Not all the informationDespite the policy change, some perhaps critical information about foster-care cases, would remain unavailable to legislators.
In Kansas, district court judges — not legislators — decide whether a child belongs in foster care, when a child will be allowed to return home and whether a parent’s parental rights are terminated.
Court records relating to any particular foster care case would remain effectively sealed.
"Release of any CINC (Child in Need of Care) record would require the permission or an order of the court," said Mark Gleeson, director of programs at the state Office of Judicial Administration.
The court decisions, though, are generally based on reports from SRS or one of its four private-sector, foster-care contractors: TFI Family Services, KVC Behavioral Health Care, Youthville and St. Francis Community Services.
Legally, the contractors’ files belong to SRS and with the policy change could now be shared with legislators.
"Because we’re a contractor, our files are SRS’ files and we would share them with SRS, certainly," said Jenny Wolff, communications director at KVC Behavioral Health.

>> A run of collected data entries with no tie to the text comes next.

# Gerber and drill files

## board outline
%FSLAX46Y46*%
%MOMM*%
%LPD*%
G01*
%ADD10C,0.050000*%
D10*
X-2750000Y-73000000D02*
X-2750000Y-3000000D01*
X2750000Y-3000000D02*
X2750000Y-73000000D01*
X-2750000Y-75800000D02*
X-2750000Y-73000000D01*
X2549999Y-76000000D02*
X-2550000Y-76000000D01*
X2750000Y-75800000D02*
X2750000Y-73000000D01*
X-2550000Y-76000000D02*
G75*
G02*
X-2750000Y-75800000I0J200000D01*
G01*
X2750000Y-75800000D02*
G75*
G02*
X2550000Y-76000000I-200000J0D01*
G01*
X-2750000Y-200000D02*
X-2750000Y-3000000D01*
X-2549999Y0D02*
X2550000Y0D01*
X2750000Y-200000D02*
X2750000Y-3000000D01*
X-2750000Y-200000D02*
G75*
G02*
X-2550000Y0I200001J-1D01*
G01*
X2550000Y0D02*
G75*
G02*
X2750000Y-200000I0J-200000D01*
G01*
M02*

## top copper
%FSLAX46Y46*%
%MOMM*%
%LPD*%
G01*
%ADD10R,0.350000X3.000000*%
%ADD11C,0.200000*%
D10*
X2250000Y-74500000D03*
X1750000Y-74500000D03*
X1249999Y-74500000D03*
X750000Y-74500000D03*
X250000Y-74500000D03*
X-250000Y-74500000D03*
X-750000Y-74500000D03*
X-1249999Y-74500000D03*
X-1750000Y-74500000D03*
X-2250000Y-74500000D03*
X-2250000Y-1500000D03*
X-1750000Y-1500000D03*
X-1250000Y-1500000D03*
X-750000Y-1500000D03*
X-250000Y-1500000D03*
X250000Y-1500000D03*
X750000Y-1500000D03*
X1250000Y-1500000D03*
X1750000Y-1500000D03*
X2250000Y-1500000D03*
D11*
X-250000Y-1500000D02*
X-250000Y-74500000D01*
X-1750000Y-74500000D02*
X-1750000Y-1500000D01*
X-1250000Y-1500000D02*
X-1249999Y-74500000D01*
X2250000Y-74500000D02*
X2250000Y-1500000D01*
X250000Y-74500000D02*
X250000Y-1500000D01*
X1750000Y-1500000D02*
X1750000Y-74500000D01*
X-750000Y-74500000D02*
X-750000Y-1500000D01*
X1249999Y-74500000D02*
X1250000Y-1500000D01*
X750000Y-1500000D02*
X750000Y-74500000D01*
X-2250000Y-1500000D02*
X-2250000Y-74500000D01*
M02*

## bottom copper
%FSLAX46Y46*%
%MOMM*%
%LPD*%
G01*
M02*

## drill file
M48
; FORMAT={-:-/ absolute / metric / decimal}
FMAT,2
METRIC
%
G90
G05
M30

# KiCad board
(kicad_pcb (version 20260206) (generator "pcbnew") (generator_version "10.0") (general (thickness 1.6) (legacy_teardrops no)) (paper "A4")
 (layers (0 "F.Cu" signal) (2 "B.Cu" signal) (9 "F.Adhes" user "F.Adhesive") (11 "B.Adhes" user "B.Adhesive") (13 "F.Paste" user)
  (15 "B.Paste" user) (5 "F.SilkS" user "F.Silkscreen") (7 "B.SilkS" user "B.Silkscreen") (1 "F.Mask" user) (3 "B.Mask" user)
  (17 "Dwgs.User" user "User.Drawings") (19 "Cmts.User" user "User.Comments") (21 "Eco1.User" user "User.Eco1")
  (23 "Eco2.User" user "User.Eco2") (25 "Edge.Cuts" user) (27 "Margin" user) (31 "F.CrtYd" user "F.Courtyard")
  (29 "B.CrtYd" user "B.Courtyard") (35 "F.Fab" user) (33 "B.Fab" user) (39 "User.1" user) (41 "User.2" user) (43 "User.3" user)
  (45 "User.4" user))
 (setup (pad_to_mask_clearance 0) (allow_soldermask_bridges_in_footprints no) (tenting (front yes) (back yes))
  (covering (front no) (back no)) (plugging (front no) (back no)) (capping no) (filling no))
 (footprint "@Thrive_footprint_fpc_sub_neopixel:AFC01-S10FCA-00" (layer "F.Cu") (at 0 74.5 180)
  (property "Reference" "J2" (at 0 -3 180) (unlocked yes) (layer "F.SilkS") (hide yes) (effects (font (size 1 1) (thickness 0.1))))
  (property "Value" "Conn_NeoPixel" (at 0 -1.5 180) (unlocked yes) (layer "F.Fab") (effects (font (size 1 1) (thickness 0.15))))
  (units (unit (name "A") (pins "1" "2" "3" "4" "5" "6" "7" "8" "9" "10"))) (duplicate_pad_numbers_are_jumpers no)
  (fp_line (start 2.75 -1.3) (end 2.75 1.5) (stroke (width 0.05) (type default)) (layer "Edge.Cuts"))
  (fp_line (start -2.549999 -1.5) (end 2.55 -1.5) (stroke (width 0.05) (type default)) (layer "Edge.Cuts"))
  (fp_line (start -2.75 -1.3) (end -2.75 1.5) (stroke (width 0.05) (type default)) (layer "Edge.Cuts"))
  (fp_arc (start 2.55 -1.5) (mid 2.691421 -1.441422) (end 2.75 -1.3) (stroke (width 0.05) (type default)) (layer "Edge.Cuts"))
  (fp_arc (start -2.75 -1.3) (mid -2.691421 -1.441422) (end -2.55 -1.5) (stroke (width 0.05) (type default)) (layer "Edge.Cuts"))
  (pad "1" smd rect (at -2.25 0 180) (size 0.35 3) (layers "F.Cu" "F.Mask" "F.Paste") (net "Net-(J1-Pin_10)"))
  (pad "2" smd rect (at -1.75 0 180) (size 0.35 3) (layers "F.Cu" "F.Mask" "F.Paste") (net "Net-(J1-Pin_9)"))
  (pad "3" smd rect (at -1.249999 0 180) (size 0.35 3) (layers "F.Cu" "F.Mask" "F.Paste") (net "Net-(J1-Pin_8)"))
  (pad "4" smd rect (at -0.75 0 180) (size 0.35 3) (layers "F.Cu" "F.Mask" "F.Paste") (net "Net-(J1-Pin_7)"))
  (pad "5" smd rect (at -0.25 0 180) (size 0.35 3) (layers "F.Cu" "F.Mask" "F.Paste") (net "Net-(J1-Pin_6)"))
  (pad "6" smd rect (at 0.25 0 180) (size 0.35 3) (layers "F.Cu" "F.Mask" "F.Paste") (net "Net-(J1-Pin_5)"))
  (pad "7" smd rect (at 0.75 0 180) (size 0.35 3) (layers "F.Cu" "F.Mask" "F.Paste") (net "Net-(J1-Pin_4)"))
  (pad "8" smd rect (at 1.249999 0 180) (size 0.35 3) (layers "F.Cu" "F.Mask" "F.Paste") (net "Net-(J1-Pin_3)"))
  (pad "9" smd rect (at 1.75 0 180) (size 0.35 3) (layers "F.Cu" "F.Mask" "F.Paste") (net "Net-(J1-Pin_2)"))
  (pad "10" smd rect (at 2.25 0 180) (size 0.35 3) (layers "F.Cu" "F.Mask" "F.Paste") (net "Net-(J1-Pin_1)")))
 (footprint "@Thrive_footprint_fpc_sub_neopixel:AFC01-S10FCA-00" (layer "F.Cu") (at 0 1.5)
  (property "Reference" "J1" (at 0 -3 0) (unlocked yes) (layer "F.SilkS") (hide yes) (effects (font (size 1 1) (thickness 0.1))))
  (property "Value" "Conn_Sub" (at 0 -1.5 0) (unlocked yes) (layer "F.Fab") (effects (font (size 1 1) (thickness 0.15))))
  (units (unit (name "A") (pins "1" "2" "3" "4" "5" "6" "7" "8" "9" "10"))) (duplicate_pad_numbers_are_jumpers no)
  (fp_line (start -2.75 -1.3) (end -2.75 1.5) (stroke (width 0.05) (type default)) (layer "Edge.Cuts"))
  (fp_line (start -2.549999 -1.5) (end 2.55 -1.5) (stroke (width 0.05) (type default)) (layer "Edge.Cuts"))
  (fp_line (start 2.75 -1.3) (end 2.75 1.5) (stroke (width 0.05) (type default)) (layer "Edge.Cuts"))
  (fp_arc (start -2.75 -1.3) (mid -2.691421 -1.441421) (end -2.55 -1.5) (stroke (width 0.05) (type default)) (layer "Edge.Cuts"))
  (fp_arc (start 2.55 -1.5) (mid 2.691421 -1.441421) (end 2.75 -1.3) (stroke (width 0.05) (type default)) (layer "Edge.Cuts"))
  (pad "1" smd rect (at -2.25 0) (size 0.35 3) (layers "F.Cu" "F.Mask" "F.Paste") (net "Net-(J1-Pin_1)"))
  (pad "2" smd rect (at -1.75 0) (size 0.35 3) (layers "F.Cu" "F.Mask" "F.Paste") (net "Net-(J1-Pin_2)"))
  (pad "3" smd rect (at -1.25 0) (size 0.35 3) (layers "F.Cu" "F.Mask" "F.Paste") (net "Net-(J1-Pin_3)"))
  (pad "4" smd rect (at -0.75 0) (size 0.35 3) (layers "F.Cu" "F.Mask" "F.Paste") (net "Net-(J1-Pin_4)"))
  (pad "5" smd rect (at -0.25 0) (size 0.35 3) (layers "F.Cu" "F.Mask" "F.Paste") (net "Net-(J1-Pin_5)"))
  (pad "6" smd rect (at 0.25 0) (size 0.35 3) (layers "F.Cu" "F.Mask" "F.Paste") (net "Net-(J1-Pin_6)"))
  (pad "7" smd rect (at 0.75 0) (size 0.35 3) (layers "F.Cu" "F.Mask" "F.Paste") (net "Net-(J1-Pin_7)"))
  (pad "8" smd rect (at 1.25 0) (size 0.35 3) (layers "F.Cu" "F.Mask" "F.Paste") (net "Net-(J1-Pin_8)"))
  (pad "9" smd rect (at 1.75 0) (size 0.35 3) (layers "F.Cu" "F.Mask" "F.Paste") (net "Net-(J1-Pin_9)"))
  (pad "10" smd rect (at 2.25 0) (size 0.35 3) (layers "F.Cu" "F.Mask" "F.Paste") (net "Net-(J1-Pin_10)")))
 (gr_line (start -2.75 73) (end -2.75 3) (stroke (width 0.05) (type default)) (layer "Edge.Cuts"))
 (gr_line (start 2.75 3) (end 2.75 73) (stroke (width 0.05) (type default)) (layer "Edge.Cuts"))
 (segment (start -0.25 1.5) (end -0.25 74.5) (width 0.2) (layer "F.Cu") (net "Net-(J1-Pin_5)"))
 (segment (start -1.75 74.5) (end -1.75 1.5) (width 0.2) (layer "F.Cu") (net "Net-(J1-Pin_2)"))
 (segment (start -1.25 1.5) (end -1.249999 74.5) (width 0.2) (layer "F.Cu") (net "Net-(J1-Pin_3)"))
 (segment (start 2.25 74.5) (end 2.25 1.5) (width 0.2) (layer "F.Cu") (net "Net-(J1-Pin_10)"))
 (segment (start 0.25 74.5) (end 0.25 1.5) (width 0.2) (layer "F.Cu") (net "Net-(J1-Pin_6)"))
 (segment (start 1.75 1.5) (end 1.75 74.5) (width 0.2) (layer "F.Cu") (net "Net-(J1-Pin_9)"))
 (segment (start -0.75 74.5) (end -0.75 1.5) (width 0.2) (layer "F.Cu") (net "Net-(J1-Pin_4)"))
 (segment (start 1.249999 74.5) (end 1.25 1.5) (width 0.2) (layer "F.Cu") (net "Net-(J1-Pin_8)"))
 (segment (start 0.75 1.5) (end 0.75 74.5) (width 0.2) (layer "F.Cu") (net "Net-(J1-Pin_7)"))
 (segment (start -2.25 1.5) (end -2.25 74.5) (width 0.2) (layer "F.Cu") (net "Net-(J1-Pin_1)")))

The form also gives legislators access to files at the Kansas Juvenile Justice Authority as well as those held by attorneys representing the parent and/or the child.
The new release form, Miskell said, does not guarantee a legislator access to information that’s not in an SRS-controlled file, even if that information is referenced in the file. For example, the foster child’s case file may note that the parent received counseling for anger management or substance abuse. Those counseling records would be with the therapist or counselor and not necessarily available to legislators.
"Social workers are taught that all interaction is confidential with three exceptions — if I suspect someone is a threat to self or others, if I suspect child or elder abuse, or if my records are subpoenaed," Cauble said. "Social workers are not privileged, like doctors or lawyers.
"But a drug and alcohol counselor is not going tell a legislator what was said during a counseling session, a social worker isn’t going to tell a legislator whether someone is HIV positive," Cauble said. "It doesn’t matter what the form says."